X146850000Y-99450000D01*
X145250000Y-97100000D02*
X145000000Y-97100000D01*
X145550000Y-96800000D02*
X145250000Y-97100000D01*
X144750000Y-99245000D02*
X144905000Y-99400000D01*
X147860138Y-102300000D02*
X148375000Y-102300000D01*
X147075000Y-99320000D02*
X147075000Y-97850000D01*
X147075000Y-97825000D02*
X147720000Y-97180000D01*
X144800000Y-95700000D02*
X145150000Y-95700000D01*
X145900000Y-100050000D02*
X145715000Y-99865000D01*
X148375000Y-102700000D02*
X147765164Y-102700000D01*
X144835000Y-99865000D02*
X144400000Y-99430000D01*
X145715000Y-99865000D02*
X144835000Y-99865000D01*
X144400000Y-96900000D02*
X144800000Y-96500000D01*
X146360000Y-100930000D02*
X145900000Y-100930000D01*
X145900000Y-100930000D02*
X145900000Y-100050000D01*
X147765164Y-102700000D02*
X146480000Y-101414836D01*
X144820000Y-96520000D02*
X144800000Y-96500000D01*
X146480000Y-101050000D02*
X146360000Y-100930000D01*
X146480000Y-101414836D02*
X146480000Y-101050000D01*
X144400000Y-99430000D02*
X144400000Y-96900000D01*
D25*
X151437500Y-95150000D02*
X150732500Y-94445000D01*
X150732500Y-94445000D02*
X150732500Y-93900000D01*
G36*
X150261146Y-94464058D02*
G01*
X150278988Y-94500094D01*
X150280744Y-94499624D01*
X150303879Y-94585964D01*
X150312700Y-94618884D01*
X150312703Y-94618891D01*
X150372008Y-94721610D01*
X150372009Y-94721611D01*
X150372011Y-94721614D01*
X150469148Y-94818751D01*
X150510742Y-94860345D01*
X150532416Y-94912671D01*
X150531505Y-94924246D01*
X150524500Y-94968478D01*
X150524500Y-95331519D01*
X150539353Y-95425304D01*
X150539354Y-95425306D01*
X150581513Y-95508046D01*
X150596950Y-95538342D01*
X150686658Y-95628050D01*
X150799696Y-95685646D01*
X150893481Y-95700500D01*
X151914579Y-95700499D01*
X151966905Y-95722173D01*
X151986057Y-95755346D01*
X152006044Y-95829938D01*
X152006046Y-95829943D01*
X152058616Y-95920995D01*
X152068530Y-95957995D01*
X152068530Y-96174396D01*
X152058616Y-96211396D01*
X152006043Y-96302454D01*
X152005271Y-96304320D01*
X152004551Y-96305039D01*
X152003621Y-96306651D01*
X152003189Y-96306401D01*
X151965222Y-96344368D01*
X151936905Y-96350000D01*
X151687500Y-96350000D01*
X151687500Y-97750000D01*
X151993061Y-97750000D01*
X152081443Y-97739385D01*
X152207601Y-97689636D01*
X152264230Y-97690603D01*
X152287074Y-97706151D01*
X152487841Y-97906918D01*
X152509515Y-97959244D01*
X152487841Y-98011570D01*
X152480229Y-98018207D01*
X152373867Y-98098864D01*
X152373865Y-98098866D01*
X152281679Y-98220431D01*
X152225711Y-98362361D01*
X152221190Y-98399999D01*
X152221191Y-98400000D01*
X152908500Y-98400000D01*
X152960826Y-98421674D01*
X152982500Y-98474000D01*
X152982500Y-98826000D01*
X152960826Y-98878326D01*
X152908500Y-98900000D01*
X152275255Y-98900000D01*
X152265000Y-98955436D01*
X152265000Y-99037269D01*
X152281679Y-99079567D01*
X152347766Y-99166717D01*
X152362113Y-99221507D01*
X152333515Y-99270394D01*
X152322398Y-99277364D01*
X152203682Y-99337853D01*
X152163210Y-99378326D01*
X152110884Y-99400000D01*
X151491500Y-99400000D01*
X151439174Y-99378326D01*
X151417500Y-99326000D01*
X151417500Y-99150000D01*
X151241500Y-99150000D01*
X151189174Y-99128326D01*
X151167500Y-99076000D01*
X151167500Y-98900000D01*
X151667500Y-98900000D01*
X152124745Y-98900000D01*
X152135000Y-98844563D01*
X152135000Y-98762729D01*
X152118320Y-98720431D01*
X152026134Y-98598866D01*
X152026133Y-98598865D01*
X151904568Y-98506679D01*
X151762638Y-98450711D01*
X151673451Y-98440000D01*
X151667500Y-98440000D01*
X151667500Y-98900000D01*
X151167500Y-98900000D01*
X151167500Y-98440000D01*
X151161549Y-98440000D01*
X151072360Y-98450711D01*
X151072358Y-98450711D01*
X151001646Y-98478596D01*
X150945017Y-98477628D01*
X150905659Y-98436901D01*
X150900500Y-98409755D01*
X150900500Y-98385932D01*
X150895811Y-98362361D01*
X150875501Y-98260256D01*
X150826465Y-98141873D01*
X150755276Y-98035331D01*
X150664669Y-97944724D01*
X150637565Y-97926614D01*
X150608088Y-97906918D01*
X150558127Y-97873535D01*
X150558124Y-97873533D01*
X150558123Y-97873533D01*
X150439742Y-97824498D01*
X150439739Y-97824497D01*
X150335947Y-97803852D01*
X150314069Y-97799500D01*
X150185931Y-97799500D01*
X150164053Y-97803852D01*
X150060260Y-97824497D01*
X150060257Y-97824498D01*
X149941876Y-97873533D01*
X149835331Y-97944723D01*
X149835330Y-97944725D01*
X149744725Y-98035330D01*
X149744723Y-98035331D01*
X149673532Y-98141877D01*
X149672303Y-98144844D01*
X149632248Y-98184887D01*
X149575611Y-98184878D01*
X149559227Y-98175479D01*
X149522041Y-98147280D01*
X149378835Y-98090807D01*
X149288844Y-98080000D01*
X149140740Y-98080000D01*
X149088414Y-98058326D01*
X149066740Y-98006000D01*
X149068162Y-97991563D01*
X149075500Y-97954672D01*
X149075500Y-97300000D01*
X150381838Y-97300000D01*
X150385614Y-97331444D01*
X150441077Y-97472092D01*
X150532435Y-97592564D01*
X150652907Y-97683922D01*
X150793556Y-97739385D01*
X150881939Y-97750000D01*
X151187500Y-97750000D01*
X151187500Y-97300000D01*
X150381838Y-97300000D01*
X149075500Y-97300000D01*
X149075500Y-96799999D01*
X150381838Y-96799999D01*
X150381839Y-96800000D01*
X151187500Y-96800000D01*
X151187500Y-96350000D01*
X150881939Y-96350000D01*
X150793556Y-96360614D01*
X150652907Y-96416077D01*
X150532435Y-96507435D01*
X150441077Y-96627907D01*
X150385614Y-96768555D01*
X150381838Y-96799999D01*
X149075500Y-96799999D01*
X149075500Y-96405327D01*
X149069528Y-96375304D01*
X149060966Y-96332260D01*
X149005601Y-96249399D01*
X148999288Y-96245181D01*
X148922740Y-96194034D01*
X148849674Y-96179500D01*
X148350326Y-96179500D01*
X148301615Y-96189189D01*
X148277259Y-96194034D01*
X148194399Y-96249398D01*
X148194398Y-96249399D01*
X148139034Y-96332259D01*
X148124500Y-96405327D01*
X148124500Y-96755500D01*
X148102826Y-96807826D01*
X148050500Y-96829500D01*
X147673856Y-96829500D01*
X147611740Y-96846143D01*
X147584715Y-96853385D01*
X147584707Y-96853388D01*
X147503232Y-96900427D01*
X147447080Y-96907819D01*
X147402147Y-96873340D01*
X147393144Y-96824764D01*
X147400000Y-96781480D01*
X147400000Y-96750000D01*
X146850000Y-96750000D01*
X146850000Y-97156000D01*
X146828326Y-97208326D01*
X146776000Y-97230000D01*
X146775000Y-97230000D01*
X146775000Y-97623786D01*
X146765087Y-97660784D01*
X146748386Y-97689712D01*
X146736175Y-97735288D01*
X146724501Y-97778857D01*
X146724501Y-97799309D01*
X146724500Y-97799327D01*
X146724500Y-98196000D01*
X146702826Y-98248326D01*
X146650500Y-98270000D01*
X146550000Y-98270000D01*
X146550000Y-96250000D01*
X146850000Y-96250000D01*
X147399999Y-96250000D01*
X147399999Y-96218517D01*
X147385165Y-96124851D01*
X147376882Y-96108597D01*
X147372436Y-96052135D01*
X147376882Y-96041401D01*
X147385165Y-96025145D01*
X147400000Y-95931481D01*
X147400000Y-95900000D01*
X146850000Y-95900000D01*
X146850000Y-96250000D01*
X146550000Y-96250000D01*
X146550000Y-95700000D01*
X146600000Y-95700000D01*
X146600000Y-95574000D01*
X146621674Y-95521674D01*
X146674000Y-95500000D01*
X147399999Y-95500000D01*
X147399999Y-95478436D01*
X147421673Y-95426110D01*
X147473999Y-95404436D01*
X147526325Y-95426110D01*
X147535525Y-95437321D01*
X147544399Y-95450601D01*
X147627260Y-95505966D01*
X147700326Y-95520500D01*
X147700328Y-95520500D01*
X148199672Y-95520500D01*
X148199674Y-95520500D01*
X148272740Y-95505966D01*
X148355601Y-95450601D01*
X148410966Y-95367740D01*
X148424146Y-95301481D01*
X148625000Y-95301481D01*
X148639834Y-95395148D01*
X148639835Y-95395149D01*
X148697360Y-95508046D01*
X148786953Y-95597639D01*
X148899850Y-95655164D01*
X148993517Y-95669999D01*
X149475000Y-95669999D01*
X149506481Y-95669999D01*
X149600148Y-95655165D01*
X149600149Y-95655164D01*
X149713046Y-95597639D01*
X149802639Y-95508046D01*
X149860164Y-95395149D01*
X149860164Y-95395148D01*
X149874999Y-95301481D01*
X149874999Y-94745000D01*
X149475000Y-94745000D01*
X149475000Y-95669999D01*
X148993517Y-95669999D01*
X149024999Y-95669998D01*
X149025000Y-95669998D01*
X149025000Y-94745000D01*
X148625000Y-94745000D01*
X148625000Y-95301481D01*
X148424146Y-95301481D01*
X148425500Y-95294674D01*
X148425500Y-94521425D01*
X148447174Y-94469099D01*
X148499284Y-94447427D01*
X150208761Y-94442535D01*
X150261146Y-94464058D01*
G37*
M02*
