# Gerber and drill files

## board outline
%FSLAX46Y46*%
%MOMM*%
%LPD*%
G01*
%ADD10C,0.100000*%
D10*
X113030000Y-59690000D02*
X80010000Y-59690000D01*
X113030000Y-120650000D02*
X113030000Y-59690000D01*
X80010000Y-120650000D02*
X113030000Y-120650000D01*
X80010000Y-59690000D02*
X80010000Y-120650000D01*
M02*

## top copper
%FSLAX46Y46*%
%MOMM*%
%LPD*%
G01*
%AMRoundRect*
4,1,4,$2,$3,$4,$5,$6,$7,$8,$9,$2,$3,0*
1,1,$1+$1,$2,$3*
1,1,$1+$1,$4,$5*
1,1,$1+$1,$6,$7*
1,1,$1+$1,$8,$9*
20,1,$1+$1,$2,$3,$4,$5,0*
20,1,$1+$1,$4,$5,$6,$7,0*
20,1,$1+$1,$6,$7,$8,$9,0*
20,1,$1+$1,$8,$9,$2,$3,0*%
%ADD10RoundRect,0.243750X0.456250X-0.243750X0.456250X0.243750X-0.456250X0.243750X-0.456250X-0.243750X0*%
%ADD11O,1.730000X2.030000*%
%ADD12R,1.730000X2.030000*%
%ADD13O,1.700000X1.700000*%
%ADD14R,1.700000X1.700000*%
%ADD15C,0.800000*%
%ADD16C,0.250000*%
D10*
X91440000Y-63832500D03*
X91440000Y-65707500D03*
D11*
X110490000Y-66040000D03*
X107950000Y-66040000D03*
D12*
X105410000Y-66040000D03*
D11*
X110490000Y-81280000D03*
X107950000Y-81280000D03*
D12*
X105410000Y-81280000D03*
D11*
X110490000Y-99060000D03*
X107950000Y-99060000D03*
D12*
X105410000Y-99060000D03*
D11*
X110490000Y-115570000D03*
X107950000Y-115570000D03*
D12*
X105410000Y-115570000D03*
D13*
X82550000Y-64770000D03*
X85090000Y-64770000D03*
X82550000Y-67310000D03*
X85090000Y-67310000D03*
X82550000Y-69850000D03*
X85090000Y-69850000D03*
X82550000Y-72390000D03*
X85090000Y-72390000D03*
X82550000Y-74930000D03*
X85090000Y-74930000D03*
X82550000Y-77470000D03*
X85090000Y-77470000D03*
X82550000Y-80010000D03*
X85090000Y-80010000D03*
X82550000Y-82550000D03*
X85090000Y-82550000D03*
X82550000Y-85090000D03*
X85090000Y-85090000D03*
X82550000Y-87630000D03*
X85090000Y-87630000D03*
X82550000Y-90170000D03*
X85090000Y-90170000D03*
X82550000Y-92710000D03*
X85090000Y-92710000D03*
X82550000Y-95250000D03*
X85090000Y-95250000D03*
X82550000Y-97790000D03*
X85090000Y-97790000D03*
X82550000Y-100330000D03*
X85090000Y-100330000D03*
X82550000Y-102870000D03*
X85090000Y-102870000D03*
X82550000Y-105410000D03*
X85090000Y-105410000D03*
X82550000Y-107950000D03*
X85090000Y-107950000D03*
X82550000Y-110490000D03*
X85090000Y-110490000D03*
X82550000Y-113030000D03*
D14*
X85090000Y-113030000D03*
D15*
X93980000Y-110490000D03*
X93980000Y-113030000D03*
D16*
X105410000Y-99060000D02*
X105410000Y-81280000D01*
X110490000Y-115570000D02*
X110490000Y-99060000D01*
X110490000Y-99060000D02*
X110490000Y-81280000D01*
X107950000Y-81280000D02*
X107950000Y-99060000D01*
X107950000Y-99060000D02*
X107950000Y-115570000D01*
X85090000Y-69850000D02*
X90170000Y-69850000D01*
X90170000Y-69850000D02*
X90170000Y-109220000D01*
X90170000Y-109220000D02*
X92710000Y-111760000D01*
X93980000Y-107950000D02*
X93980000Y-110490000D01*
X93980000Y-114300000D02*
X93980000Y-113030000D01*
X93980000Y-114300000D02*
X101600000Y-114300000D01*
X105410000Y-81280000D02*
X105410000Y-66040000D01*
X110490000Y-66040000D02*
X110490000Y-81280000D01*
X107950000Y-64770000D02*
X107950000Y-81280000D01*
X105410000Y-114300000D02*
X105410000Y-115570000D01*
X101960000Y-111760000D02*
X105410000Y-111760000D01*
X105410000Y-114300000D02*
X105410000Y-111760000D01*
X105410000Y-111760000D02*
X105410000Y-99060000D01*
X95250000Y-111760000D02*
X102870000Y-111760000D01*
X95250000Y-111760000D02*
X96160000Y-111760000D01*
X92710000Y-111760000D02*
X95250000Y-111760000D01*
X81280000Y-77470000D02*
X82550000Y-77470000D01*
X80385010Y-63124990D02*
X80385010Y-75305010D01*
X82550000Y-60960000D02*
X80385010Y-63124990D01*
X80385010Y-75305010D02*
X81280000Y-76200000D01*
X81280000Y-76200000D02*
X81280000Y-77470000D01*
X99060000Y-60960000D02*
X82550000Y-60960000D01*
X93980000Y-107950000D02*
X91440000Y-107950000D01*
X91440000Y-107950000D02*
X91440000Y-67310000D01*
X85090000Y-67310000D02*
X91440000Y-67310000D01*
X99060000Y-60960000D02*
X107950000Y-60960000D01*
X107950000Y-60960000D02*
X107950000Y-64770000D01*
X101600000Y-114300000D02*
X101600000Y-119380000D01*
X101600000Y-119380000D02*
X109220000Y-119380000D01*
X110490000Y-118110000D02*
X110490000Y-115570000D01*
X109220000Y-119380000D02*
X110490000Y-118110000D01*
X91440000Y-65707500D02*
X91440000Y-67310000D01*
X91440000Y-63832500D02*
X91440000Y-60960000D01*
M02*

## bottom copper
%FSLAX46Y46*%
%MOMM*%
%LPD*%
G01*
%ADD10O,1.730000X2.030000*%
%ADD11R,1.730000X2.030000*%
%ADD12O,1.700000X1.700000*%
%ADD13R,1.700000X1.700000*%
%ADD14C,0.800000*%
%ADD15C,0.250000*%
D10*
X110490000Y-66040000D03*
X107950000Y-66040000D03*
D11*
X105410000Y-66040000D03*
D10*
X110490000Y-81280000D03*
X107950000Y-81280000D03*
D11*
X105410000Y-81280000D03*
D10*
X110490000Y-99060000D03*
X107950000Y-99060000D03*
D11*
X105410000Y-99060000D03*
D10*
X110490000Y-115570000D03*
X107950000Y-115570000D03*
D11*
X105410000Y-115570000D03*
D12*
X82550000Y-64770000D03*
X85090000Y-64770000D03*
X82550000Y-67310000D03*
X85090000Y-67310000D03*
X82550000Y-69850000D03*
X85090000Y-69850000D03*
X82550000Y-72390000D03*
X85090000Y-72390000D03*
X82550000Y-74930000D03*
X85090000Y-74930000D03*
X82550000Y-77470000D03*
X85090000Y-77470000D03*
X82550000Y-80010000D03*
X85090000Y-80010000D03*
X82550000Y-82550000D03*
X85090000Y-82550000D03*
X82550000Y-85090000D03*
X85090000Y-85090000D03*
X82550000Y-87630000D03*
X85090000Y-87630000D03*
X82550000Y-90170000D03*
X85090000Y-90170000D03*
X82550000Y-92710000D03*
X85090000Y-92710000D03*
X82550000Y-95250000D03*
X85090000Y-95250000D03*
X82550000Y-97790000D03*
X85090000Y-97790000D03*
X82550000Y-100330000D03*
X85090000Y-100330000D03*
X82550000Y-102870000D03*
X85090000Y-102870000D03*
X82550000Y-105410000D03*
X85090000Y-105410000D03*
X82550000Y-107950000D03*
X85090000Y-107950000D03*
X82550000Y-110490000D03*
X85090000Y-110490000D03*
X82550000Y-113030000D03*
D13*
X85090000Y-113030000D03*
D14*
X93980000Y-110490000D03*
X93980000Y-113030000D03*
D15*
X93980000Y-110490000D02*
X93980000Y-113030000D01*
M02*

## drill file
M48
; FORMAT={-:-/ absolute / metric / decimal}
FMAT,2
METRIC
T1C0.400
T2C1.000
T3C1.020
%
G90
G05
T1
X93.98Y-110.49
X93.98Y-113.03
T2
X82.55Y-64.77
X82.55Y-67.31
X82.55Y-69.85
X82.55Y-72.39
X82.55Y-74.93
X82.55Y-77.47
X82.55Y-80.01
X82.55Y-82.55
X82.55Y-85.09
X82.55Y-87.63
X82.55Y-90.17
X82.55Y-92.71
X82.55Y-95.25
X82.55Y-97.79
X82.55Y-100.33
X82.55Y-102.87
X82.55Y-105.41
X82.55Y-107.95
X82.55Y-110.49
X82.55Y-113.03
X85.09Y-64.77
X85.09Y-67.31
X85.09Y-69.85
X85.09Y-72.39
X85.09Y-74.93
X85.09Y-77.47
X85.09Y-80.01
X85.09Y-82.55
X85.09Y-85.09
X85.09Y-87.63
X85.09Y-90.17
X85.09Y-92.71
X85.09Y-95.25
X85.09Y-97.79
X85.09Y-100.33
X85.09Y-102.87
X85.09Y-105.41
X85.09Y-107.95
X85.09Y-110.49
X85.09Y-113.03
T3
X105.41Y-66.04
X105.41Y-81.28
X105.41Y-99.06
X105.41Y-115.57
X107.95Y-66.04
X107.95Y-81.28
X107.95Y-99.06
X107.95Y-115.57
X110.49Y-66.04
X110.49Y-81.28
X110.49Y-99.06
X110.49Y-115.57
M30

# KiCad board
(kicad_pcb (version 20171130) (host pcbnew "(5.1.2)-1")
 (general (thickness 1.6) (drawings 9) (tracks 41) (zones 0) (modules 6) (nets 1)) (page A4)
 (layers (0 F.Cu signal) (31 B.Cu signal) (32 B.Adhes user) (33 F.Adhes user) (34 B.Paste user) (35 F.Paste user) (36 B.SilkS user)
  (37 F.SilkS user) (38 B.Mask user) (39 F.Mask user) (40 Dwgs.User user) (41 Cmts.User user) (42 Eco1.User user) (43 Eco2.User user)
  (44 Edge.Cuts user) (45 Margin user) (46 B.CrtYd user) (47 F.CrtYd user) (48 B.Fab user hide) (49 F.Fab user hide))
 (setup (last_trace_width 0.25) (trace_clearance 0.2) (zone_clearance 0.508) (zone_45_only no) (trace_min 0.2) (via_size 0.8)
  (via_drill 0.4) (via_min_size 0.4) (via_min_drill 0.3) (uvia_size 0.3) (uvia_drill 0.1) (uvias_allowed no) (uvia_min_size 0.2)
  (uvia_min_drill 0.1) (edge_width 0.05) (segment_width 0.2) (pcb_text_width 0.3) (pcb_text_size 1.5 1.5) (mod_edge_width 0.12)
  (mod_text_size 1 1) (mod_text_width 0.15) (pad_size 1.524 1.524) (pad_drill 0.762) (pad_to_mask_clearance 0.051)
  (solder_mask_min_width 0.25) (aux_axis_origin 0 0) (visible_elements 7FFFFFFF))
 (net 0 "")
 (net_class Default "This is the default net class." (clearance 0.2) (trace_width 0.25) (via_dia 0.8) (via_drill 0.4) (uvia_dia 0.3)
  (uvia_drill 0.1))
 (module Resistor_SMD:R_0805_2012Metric (layer F.Cu) (at 91.44 64.77 90)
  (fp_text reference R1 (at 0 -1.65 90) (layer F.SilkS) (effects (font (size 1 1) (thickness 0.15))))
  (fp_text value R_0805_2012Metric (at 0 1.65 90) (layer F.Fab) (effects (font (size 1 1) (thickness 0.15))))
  (pad 2 smd roundrect (at 0.9375 0 90) (size 0.975 1.4) (layers F.Cu F.Paste F.Mask) (roundrect_rratio 0.25))
  (pad 1 smd roundrect (at -0.9375 0 90) (size 0.975 1.4) (layers F.Cu F.Paste F.Mask) (roundrect_rratio 0.25)))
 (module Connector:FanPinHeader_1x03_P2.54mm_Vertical (layer F.Cu) (at 105.41 66.04)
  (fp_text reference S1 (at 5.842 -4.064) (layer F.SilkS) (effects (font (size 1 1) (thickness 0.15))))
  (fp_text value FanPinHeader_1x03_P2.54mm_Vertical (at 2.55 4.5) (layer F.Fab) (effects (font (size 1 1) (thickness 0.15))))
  (pad 3 thru_hole oval (at 5.08 0 90) (size 2.03 1.73) (drill 1.02) (layers *.Cu *.Mask))
  (pad 2 thru_hole oval (at 2.54 0 90) (size 2.03 1.73) (drill 1.02) (layers *.Cu *.Mask))
  (pad 1 thru_hole rect (at 0 0 90) (size 2.03 1.73) (drill 1.02) (layers *.Cu *.Mask)))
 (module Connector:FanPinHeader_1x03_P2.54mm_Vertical (layer F.Cu) (at 105.41 81.28)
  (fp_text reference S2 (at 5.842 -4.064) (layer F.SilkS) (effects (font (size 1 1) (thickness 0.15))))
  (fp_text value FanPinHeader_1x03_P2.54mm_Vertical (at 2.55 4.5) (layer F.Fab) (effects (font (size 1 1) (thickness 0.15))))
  (pad 3 thru_hole oval (at 5.08 0 90) (size 2.03 1.73) (drill 1.02) (layers *.Cu *.Mask))
  (pad 2 thru_hole oval (at 2.54 0 90) (size 2.03 1.73) (drill 1.02) (layers *.Cu *.Mask))
  (pad 1 thru_hole rect (at 0 0 90) (size 2.03 1.73) (drill 1.02) (layers *.Cu *.Mask)))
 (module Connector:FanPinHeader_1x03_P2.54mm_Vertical (layer F.Cu) (at 105.41 99.06)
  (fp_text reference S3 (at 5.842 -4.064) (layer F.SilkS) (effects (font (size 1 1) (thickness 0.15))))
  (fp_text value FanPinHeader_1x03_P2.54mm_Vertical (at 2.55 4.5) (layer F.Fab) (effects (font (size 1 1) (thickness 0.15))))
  (pad 3 thru_hole oval (at 5.08 0 90) (size 2.03 1.73) (drill 1.02) (layers *.Cu *.Mask))
  (pad 2 thru_hole oval (at 2.54 0 90) (size 2.03 1.73) (drill 1.02) (layers *.Cu *.Mask))
  (pad 1 thru_hole rect (at 0 0 90) (size 2.03 1.73) (drill 1.02) (layers *.Cu *.Mask)))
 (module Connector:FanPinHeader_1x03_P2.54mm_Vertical (layer F.Cu) (at 105.41 115.57)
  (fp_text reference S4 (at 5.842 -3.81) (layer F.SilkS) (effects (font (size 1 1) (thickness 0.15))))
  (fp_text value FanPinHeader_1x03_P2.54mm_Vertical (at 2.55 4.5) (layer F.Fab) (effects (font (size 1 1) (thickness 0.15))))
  (pad 3 thru_hole oval (at 5.08 0 90) (size 2.03 1.73) (drill 1.02) (layers *.Cu *.Mask))
  (pad 2 thru_hole oval (at 2.54 0 90) (size 2.03 1.73) (drill 1.02) (layers *.Cu *.Mask))
  (pad 1 thru_hole rect (at 0 0 90) (size 2.03 1.73) (drill 1.02) (layers *.Cu *.Mask)))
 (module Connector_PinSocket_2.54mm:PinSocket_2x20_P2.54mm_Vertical (layer B.Cu) (at 85.09 113.03)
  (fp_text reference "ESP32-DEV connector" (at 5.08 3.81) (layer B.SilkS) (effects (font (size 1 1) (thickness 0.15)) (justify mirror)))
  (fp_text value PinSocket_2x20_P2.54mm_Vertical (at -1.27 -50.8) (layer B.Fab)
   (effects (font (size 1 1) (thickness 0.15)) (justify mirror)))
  (pad 40 thru_hole oval (at -2.54 -48.26) (size 1.7 1.7) (drill 1) (layers *.Cu *.Mask))
  (pad 39 thru_hole oval (at 0 -48.26) (size 1.7 1.7) (drill 1) (layers *.Cu *.Mask))
  (pad 38 thru_hole oval (at -2.54 -45.72) (size 1.7 1.7) (drill 1) (layers *.Cu *.Mask))
  (pad 37 thru_hole oval (at 0 -45.72) (size 1.7 1.7) (drill 1) (layers *.Cu *.Mask))
  (pad 36 thru_hole oval (at -2.54 -43.18) (size 1.7 1.7) (drill 1) (layers *.Cu *.Mask))
  (pad 35 thru_hole oval (at 0 -43.18) (size 1.7 1.7) (drill 1) (layers *.Cu *.Mask))
  (pad 34 thru_hole oval (at -2.54 -40.64) (size 1.7 1.7) (drill 1) (layers *.Cu *.Mask))
  (pad 33 thru_hole oval (at 0 -40.64) (size 1.7 1.7) (drill 1) (layers *.Cu *.Mask))
  (pad 32 thru_hole oval (at -2.54 -38.1) (size 1.7 1.7) (drill 1) (layers *.Cu *.Mask))
  (pad 31 thru_hole oval (at 0 -38.1) (size 1.7 1.7) (drill 1) (layers *.Cu *.Mask))
  (pad 30 thru_hole oval (at -2.54 -35.56) (size 1.7 1.7) (drill 1) (layers *.Cu *.Mask))
  (pad 29 thru_hole oval (at 0 -35.56) (size 1.7 1.7) (drill 1) (layers *.Cu *.Mask))
  (pad 28 thru_hole oval (at -2.54 -33.02) (size 1.7 1.7) (drill 1) (layers *.Cu *.Mask))
  (pad 27 thru_hole oval (at 0 -33.02) (size 1.7 1.7) (drill 1) (layers *.Cu *.Mask))
  (pad 26 thru_hole oval (at -2.54 -30.48) (size 1.7 1.7) (drill 1) (layers *.Cu *.Mask))
  (pad 25 thru_hole oval (at 0 -30.48) (size 1.7 1.7) (drill 1) (layers *.Cu *.Mask))
  (pad 24 thru_hole oval (at -2.54 -27.94) (size 1.7 1.7) (drill 1) (layers *.Cu *.Mask))
  (pad 23 thru_hole oval (at 0 -27.94) (size 1.7 1.7) (drill 1) (layers *.Cu *.Mask))
  (pad 22 thru_hole oval (at -2.54 -25.4) (size 1.7 1.7) (drill 1) (layers *.Cu *.Mask))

****************************************

# DIRECTIONS FOR THIS TASK:
Copy out only the lines above from the one with "X110.49Y-66.04" to the one with "(general (thickness 1.6)", inclusive, exactly as they stand.

# THE ANSWER:
X110.49Y-66.04
X110.49Y-81.28
X110.49Y-99.06
X110.49Y-115.57
M30

# KiCad board
(kicad_pcb (version 20171130) (host pcbnew "(5.1.2)-1")
 (general (thickness 1.6) (drawings 9) (tracks 41) (zones 0) (modules 6) (nets 1)) (page A4)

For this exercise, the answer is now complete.